Biomechanoid. Newel stirred cream and honey into his coffee and brought up the discordant array of windows on the dusty LCD screen of the aging computer. The Atrocity Exhbition attempts to vivisect its cultural moment by dissecting the past or memory of a surreal and quasi-speculative future,’ Newell wrote. ‘Its structure resembles both a disjointed cityscape or unfathomable machine and a fragmented human body, a fleshscape, as confused and dismembered as a mutilated anatomical textbook whose spine has decayed and whose pages have been shuffled like a pack of sallow and near-pornographic tarot cards – the Pudenda, the Abdomen, the Ulcerous Lip, the Radiation-Seared Thorax. And yet, as it collapses real and imaginary into the single undifferentiated phantasmagoria that is the Baudrillardian hyperreal, the text fuses these two parallel metaphors into a machine-flesh hybrid, an erotic cyborg, as fetishized and grotesquely appealing as a Giger Biomechanoid – thus the prevalence of the billboard-labyrinth, the malformed sculpture gardens, and above all the car-crash. The world of The Atrocity Exhibition is not a straightforward escape as in a dream narrative but a psychosis in which real and unreal/imaginative are rendered miscible and indeed indistinguishable. To quote, Andrzej Gasiorek’s Deviant Logics, “…this fragmentation of the prosaic world, which blurs the boundary between fantasy and reality, creates a liminal space in which memories begin to stir” (63). The breakdown of distinctions between organic and inorganic mirrors the more fundamental deconstruction of the Real at the heart of the text.’

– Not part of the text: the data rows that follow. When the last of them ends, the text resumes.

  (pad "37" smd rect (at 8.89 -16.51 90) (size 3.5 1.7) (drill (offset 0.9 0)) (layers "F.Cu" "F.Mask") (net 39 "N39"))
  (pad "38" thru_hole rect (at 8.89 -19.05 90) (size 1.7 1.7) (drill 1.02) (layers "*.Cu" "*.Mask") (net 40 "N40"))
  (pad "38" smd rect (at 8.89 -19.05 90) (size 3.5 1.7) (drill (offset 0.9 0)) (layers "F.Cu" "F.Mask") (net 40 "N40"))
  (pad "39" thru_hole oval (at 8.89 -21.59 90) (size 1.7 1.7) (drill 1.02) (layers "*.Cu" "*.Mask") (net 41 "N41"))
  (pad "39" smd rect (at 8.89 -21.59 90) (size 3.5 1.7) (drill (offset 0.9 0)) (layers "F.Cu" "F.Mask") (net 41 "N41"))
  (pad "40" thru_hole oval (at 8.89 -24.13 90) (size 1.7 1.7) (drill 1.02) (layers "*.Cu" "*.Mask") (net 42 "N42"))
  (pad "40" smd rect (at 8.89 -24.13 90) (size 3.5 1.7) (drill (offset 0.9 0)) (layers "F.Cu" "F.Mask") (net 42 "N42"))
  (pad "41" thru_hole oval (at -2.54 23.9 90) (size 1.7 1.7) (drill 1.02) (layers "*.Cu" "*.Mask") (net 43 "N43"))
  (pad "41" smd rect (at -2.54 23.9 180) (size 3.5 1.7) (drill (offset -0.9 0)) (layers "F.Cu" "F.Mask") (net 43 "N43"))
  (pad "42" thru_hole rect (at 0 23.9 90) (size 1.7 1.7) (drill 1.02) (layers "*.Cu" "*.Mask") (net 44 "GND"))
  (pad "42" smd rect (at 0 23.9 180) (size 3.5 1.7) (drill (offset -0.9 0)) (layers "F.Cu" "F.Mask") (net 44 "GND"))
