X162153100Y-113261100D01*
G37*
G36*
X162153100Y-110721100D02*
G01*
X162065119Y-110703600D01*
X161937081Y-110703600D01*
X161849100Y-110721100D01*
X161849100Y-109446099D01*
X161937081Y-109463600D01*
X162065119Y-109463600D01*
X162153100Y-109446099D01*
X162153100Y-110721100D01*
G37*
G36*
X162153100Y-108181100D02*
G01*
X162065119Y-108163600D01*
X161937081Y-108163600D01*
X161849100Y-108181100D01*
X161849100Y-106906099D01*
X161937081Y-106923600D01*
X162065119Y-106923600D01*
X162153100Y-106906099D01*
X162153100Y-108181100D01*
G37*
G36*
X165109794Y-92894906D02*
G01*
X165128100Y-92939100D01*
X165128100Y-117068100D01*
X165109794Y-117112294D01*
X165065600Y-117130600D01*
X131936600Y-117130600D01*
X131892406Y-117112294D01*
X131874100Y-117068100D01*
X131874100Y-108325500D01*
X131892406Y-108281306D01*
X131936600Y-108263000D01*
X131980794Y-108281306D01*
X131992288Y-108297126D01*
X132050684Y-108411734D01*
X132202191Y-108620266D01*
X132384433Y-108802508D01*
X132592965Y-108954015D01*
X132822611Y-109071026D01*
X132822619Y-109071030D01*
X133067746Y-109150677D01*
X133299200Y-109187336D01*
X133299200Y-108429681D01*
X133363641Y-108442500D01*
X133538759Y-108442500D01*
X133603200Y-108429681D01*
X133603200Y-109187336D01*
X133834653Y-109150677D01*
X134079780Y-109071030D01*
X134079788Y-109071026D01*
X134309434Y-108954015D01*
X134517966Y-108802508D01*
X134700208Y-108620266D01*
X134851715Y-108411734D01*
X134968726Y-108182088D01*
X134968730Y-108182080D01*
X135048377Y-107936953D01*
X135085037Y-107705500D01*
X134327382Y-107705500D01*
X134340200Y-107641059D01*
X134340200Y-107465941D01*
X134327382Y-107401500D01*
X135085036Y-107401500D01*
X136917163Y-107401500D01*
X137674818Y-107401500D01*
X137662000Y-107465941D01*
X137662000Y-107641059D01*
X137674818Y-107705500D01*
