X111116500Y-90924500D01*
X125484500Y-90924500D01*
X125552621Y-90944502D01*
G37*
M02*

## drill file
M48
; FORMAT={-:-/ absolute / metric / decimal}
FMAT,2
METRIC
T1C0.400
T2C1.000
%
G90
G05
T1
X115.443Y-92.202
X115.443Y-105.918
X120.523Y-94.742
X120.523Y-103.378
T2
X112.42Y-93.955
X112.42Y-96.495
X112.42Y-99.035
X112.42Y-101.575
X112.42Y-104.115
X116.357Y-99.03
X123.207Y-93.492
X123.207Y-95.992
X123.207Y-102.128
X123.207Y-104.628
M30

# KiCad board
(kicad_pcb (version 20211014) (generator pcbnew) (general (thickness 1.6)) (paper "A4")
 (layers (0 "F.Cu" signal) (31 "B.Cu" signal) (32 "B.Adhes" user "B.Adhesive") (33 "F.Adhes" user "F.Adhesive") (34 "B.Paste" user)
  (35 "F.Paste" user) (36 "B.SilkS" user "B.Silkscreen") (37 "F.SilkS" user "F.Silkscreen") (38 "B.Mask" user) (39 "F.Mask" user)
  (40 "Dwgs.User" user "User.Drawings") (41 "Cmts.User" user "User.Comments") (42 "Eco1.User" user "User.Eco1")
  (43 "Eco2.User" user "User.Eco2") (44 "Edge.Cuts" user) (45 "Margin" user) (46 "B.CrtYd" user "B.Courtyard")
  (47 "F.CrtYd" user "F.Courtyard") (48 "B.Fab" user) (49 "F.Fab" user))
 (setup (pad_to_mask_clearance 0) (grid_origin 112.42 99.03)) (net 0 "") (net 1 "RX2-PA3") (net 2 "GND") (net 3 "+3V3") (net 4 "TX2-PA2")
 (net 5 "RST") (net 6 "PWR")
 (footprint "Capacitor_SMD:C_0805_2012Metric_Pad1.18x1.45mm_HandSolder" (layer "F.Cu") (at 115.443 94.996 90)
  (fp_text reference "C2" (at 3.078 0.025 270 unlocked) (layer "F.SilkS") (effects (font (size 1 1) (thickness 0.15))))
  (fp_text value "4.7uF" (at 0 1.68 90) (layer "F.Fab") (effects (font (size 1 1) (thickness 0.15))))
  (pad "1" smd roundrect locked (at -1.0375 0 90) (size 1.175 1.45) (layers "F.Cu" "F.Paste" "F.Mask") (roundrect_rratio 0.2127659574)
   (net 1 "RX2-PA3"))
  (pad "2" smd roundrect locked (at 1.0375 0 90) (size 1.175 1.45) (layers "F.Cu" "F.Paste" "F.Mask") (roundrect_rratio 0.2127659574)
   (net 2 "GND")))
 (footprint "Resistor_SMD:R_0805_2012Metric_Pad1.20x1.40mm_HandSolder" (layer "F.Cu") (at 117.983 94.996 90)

The Nectar of Exegesis. Clippings from the text hung from clothes-pegs like developing photographs in some proto-cyberpunk pornographer’s darkroom. Others were plastered against the walls of the tomb-like subterrane, overlapping with pages culled from medical dictionaries and coffee table books of surrealist painters, with esoteric critical texts. The decryptionist flitted about the secular sepulcher, hovering at some particular constellation of words and images, a quizzical clockwork hummingbird. Early on it had decided that the cipher, the ambrosial nectar of deconstruction, would never be extracted through a linear reading. It inhaled the heady perfume of its efforts with detached pleasure.

Moulting. ‘By depicting its atrocities as endlessly repeated, the text transmutes their raw horror or shock value – their affective capabilities – into a kind of numbed and detached nausea.’ Newell flickered between screens, a morass of information. He sipped at his third cup of coffee. ‘This is intrinsically connected to the breakdown between real and imagined. The Atrocity Exhibition is commenting on the capacity for the media to not only desensitize its consumers to depictions of violence but to transform our entire relationship to representation itself, to “mimetization.” Authenticity becomes not so much disputable as unimportant through the lens of the text, just as the difference between dream-world and real-world collapses for the reader as the protagonist’s psychosis (“simulation”) develops. As we explore the catacombs of the text we gradually come to inhabit this disaffected space, becoming ourselves mechanistic, shedding layers of shock and perturbation and metamorphosing into something both more and less than human.’

 

Troglodytic Knot-Tying. The Atrocity Exhibition’s peculiar algebra could only be understood through a more complete subsumption into its baroquely chaotic quasi-narrative; yet even complete immersion inevitably failed to distill the book into a wholly comprehensible form. Variables in its intricate formulae remained unsolved and numinous. The decryptionist gnawed at fraying strands of meaning in the muted barrow-light, tying together knots of texture and imagery and then watching its configurations unravel.

 

This is my critical response – a pastiche/homage of the book, hopefully with some critical engagement.  Matthew, if this isn’t what you’d envisioned, let me know and I’ll write up something else, and this can just be an example of my pretentious pseudo-creative writing.

 

Works Cited

 

Ballard, J.G. The Atrocity Exhibition. Great Britain: Flamingo, 1993.

 

Gasiorek, Andrzej. “Deviant Logics.” Contemporary British Novelists: J.G. Ballard, 58-80. http://books.google.com/books?id=wAsri-PTseQC&printsec=frontcover&dq=Andrzej+Gasiorek,+JG+Ballard&ei=TL2DSeDyOIPIlQST4vXuBQ#PPP1,M1, Feb. 7.

Hyperreality Television

Alright y’all, if I promise to forthcome with a post of well cited academic thoroughness, will you accept this youtube video in lieu in the present? Besides the ROFL factor, it does do an excellent job of presenting every aspect of the debate, and frankly, despite the hyperbolic satire, I feel this is only inches away from our current media environment. Has anyone watched CNN lately? Yikes! DISCLAIMER: NSFW

Prefatory theory: “There is no real and no imaginary except at a certain distance. What happens when this distance, even the one separating the real from the imaginary, begins to disappear and to be absorbed by the model alone? Currently, from one order of simulacra to the next, we are witnessing the reduction and absorption of this distance, of this separation which permits a space for ideal or critical projection.” (Baudrillard)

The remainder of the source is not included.